Wednesday 20 August 2014

Pastry related thoughts

The Lithuanian lady that works in the pasty shop gave me a free pasty once. I sneezed a polite 'thank-you' (the Lithuanian for 'thank-you' is pronounced 'achoom') and went about my day - my inner being warmed by that simple act of human kindness (and delicious peppery skirt steak folded in shortcrust pastry). Whenever I felt pessimistic about human nature, I would think back to that day and wonder if I'd ever see such a purely altruistic act again.

That was four years ago. A few weeks ago, I went into Louis's Deli on St Giles street to order a sausage roll to eat at work during a Tuesday day shift...

(You may be wondering why I was in Louis's when I walk right past the Upper Crust bakery on my way to work. The Upper Crust sausage roll is a travesty in my opinion. Twice the length and half the price of his cousin at Louis's he may be. But the rusk to meat ratio is way too high and they always leave me with a vague sense of disappointment and mild nausea. I would always recommend making the trip over the bridge to Louis's if you have the time and, if you don't have the time, Upper Crust do a passable date and chocolate flapjack. Because it is covered in chocolate the staff always warn you that it contains dates. A policy that I like to assume was brought in because so many were returned: "Ugh! Someone's put dried fruit in my chocolate-covered golden syrup oat bar!")

...and the servitor announced that she had given me two for the price of one because that day's batch were burnt on the underside.

There's bound to be a moral in this somewhere. Memories bake where pastry flakes or something. I'm not terribly good at morals.

Wednesday 13 August 2014

Some Metaphysics

Last week I wrote a semi-political post that expressed the desire to punish weapons-manufacturers with eternal torment in the Ninth Circle of Hell. Among the responses was this enquiry from my old friend, boss and one-time flatmate (she let me doss on her sofa for three weeks way back in the summer of 1999) Grainne:

Since when do you believe in hell?

I don't believe in Hell. I was drawing on a rich cultural tradition of post-death reward and punishment common to many mythologies (not universal however or at least not included in my favourite list on the internet Donald E. Brown's list of human universals) to make clear my disapproval of the moneygoround which is the world of arms dealers, Western governments and their client states.

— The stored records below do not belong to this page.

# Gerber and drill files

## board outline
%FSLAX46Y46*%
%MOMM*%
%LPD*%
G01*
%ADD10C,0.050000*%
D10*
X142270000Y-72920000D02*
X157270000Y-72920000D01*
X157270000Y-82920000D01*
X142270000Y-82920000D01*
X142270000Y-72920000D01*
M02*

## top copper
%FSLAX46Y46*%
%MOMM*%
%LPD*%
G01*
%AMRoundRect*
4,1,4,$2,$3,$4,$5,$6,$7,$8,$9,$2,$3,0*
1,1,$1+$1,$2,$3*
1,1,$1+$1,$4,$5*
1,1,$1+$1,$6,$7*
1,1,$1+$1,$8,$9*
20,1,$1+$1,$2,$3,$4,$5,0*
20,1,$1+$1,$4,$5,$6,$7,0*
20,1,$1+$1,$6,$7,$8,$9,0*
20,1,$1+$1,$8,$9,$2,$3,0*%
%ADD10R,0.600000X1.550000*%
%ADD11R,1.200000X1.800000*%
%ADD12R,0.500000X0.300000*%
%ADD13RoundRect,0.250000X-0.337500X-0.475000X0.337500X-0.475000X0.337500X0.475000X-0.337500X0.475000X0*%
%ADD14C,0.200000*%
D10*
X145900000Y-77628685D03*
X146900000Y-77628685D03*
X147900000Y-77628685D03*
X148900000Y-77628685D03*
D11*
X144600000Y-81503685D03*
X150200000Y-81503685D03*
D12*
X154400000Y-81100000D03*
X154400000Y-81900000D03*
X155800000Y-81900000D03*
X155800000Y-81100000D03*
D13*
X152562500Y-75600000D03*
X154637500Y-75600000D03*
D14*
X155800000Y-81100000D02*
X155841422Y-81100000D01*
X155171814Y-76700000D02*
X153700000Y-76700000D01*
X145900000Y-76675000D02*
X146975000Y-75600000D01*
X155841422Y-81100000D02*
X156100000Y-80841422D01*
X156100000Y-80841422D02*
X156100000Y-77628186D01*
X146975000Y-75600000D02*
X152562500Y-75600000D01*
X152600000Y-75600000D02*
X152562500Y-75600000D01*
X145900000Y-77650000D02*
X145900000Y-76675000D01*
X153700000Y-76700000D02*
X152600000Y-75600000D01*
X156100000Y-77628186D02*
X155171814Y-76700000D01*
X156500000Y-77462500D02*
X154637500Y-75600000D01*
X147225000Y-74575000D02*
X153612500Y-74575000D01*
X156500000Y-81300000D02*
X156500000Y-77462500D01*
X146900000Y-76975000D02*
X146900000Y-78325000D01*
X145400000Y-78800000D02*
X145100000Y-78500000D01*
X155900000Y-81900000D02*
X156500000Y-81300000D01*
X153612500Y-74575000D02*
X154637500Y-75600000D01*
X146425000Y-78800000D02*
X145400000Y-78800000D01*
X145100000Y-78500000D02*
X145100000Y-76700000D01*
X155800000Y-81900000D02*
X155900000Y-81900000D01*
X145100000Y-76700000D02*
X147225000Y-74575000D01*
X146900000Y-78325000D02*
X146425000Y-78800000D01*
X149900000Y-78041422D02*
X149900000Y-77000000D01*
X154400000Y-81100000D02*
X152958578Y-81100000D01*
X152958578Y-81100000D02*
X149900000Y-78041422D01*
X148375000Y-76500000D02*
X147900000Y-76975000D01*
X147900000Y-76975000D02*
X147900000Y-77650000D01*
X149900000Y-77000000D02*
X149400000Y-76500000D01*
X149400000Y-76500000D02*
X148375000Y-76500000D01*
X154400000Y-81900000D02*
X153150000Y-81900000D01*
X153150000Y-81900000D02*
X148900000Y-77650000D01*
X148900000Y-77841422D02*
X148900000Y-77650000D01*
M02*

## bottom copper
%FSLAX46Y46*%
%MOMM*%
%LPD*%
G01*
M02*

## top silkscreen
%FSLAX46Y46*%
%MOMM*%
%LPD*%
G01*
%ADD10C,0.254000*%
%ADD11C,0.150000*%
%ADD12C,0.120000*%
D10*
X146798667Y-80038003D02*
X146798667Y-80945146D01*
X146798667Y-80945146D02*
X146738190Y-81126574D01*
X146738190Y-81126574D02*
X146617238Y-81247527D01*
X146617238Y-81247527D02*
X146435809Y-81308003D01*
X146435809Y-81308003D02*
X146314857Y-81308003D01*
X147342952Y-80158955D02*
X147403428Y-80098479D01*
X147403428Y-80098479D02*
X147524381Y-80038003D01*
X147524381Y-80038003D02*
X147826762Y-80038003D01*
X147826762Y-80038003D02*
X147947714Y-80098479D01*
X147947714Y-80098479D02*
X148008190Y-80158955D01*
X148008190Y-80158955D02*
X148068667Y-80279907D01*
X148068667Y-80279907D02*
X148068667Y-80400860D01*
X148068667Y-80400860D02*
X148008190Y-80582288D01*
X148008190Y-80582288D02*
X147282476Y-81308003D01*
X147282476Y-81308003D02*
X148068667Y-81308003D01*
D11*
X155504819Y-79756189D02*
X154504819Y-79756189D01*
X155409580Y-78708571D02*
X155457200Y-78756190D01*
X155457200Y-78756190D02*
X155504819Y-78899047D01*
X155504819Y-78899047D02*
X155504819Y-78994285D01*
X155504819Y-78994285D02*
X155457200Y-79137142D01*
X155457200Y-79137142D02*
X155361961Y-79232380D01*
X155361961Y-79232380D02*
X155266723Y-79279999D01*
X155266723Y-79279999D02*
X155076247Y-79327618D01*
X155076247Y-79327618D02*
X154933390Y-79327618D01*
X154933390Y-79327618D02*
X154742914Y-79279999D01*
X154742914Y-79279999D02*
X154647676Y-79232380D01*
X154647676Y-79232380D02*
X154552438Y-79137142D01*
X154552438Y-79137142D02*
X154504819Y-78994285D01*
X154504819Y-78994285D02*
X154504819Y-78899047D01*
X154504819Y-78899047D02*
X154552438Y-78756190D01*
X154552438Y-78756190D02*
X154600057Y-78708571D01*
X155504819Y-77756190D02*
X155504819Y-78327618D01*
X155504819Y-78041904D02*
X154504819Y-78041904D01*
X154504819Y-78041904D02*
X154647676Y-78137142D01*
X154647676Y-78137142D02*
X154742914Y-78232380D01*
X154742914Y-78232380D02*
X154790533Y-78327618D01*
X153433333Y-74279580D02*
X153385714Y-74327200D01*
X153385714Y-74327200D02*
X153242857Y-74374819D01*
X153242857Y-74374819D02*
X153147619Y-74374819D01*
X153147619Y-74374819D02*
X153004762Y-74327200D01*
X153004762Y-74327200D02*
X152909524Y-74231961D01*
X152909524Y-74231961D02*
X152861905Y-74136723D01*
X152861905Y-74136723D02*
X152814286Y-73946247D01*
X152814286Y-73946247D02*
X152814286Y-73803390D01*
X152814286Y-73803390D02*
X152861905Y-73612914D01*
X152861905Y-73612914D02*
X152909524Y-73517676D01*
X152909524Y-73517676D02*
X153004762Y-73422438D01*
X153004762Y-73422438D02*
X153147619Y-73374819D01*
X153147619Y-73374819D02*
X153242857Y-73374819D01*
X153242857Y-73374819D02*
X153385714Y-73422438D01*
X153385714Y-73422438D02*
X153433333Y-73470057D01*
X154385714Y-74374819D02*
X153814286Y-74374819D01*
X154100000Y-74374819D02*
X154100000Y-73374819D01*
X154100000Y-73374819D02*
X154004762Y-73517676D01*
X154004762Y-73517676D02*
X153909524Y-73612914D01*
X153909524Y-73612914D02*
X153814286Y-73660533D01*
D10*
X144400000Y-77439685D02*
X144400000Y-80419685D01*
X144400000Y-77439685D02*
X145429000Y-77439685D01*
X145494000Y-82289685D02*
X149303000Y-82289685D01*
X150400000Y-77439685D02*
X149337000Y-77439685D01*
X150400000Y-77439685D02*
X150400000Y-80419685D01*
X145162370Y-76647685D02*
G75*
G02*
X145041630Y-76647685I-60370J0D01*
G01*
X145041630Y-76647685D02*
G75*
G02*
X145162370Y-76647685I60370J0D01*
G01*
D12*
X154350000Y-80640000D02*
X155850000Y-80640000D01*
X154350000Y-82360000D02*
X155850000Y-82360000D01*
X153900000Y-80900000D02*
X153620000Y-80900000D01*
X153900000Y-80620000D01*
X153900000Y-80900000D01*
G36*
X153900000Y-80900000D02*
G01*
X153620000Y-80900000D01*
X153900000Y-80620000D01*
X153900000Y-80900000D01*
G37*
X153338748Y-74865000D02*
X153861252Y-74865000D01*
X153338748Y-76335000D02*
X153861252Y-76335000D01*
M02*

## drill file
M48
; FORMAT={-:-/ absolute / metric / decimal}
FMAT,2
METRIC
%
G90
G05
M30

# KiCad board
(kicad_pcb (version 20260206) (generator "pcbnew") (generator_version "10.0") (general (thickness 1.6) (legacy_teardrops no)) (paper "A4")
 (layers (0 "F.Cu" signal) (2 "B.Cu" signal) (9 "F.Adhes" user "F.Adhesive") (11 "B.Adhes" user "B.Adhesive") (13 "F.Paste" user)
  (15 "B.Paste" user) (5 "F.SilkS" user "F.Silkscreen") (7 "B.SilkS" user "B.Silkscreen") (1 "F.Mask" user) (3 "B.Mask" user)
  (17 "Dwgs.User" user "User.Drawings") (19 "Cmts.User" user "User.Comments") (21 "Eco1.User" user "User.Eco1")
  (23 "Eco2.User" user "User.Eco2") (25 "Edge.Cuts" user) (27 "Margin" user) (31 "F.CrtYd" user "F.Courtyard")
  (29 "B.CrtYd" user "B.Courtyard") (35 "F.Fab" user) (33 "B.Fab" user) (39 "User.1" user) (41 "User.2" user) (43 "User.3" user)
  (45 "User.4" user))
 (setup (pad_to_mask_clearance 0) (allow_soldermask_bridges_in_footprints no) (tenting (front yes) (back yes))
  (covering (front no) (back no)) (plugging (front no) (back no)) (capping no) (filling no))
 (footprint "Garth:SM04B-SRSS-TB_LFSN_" (layer "F.Cu") (at 144.4 82.289685)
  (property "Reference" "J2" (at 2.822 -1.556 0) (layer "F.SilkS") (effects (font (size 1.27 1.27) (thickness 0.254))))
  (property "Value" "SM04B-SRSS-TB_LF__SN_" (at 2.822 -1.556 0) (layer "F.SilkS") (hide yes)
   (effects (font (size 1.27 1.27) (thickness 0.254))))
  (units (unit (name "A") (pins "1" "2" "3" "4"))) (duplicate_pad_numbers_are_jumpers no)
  (fp_line (start 0 -4.85) (end 0 -1.87) (stroke (width 0.254) (type solid)) (layer "F.SilkS"))
  (fp_line (start 0 -4.85) (end 1.029 -4.85) (stroke (width 0.254) (type solid)) (layer "F.SilkS"))
  (fp_line (start 1.094 0) (end 4.903 0) (stroke (width 0.254) (type solid)) (layer "F.SilkS"))
  (fp_line (start 6 -4.85) (end 4.937 -4.85) (stroke (width 0.254) (type solid)) (layer "F.SilkS"))
  (fp_line (start 6 -4.85) (end 6 -1.87) (stroke (width 0.254) (type solid)) (layer "F.SilkS"))
  (fp_circle (center 0.702 -5.642) (end 0.702 -5.58163) (stroke (width 0.254) (type solid)) (fill no) (layer "F.SilkS"))
  (pad "1" smd rect (at 1.5 -4.661) (size 0.6 1.55) (layers "F.Cu" "F.Mask" "F.Paste") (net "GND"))
  (pad "2" smd rect (at 2.5 -4.661) (size 0.6 1.55) (layers "F.Cu" "F.Mask" "F.Paste") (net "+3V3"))
  (pad "3" smd rect (at 3.5 -4.661) (size 0.6 1.55) (layers "F.Cu" "F.Mask" "F.Paste") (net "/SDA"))
  (pad "4" smd rect (at 4.5 -4.661) (size 0.6 1.55) (layers "F.Cu" "F.Mask" "F.Paste") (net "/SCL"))
  (pad "5" smd rect (at 0.2 -0.786) (size 1.2 1.8) (layers "F.Cu" "F.Mask" "F.Paste"))
  (pad "6" smd rect (at 5.8 -0.786) (size 1.2 1.8) (layers "F.Cu" "F.Mask" "F.Paste")))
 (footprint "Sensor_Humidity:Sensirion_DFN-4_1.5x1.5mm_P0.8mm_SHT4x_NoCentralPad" (layer "F.Cu") (at 155.1 81.5)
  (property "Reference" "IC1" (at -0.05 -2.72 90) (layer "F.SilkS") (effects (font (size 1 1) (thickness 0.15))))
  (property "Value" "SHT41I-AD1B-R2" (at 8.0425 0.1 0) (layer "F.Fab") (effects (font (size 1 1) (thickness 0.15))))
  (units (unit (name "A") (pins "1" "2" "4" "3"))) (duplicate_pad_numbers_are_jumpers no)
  (fp_line (start -0.75 -0.86) (end 0.75 -0.86) (stroke (width 0.12) (type solid)) (layer "F.SilkS"))
  (fp_line (start -0.75 0.86) (end 0.75 0.86) (stroke (width 0.12) (type solid)) (layer "F.SilkS"))
  (fp_poly
   (pts (xy -1.2 -0.6) (xy -1.48 -0.6) (xy -1.2 -0.88) (xy -1.2 -0.6)) (stroke (width 0.12) (type solid)) (fill yes) (layer "F.SilkS"))
  (pad "1" smd rect (at -0.7 -0.4) (size 0.5 0.3) (layers "F.Cu" "F.Mask" "F.Paste") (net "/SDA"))
  (pad "2" smd rect (at -0.7 0.4) (size 0.5 0.3) (layers "F.Cu" "F.Mask" "F.Paste") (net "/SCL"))
  (pad "3" smd rect (at 0.7 0.4) (size 0.5 0.3) (layers "F.Cu" "F.Mask" "F.Paste") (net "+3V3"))
  (pad "4" smd rect (at 0.7 -0.4) (size 0.5 0.3) (layers "F.Cu" "F.Mask" "F.Paste") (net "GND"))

I hope that's cleared that up. It may surprise some of you that despite not believing in hell, heaven, ghosts, God, elfs, goblins or the Easter Bunny, I do have some quite out-there metaphysical beliefs that hitherto I have kept more or less to myself. Amazingly, I now have a regular readership to share them with.

I think numbers (even the imaginary ones) are real. I think Mathematical truths are discovered not invented. I think that one plus one would equal two even if there was no human mind to think it. I think that one plus one would equal two even if there was no Universe in which a mind capable of thinking it could evolve. In fact, I think that one plus one would equal two even if there was no Universe at all.

I struggle with these beliefs and have not arrived at them arbitrarily. My beliefs stem from a choice: Either mathematics is embedded in the Universe (i.e. in the minds and cultural memory of one species of primate living at the bottom of a gravity well orbiting one out of a trillion stars in one out of a trillion galaxies) or the Universe is embedded in mathematics and anything capable of counting and reasoning will reach the same conclusions. I find the former proposition less elegant than the latter although I admit that this an aesthetic rather than a purely logical choice.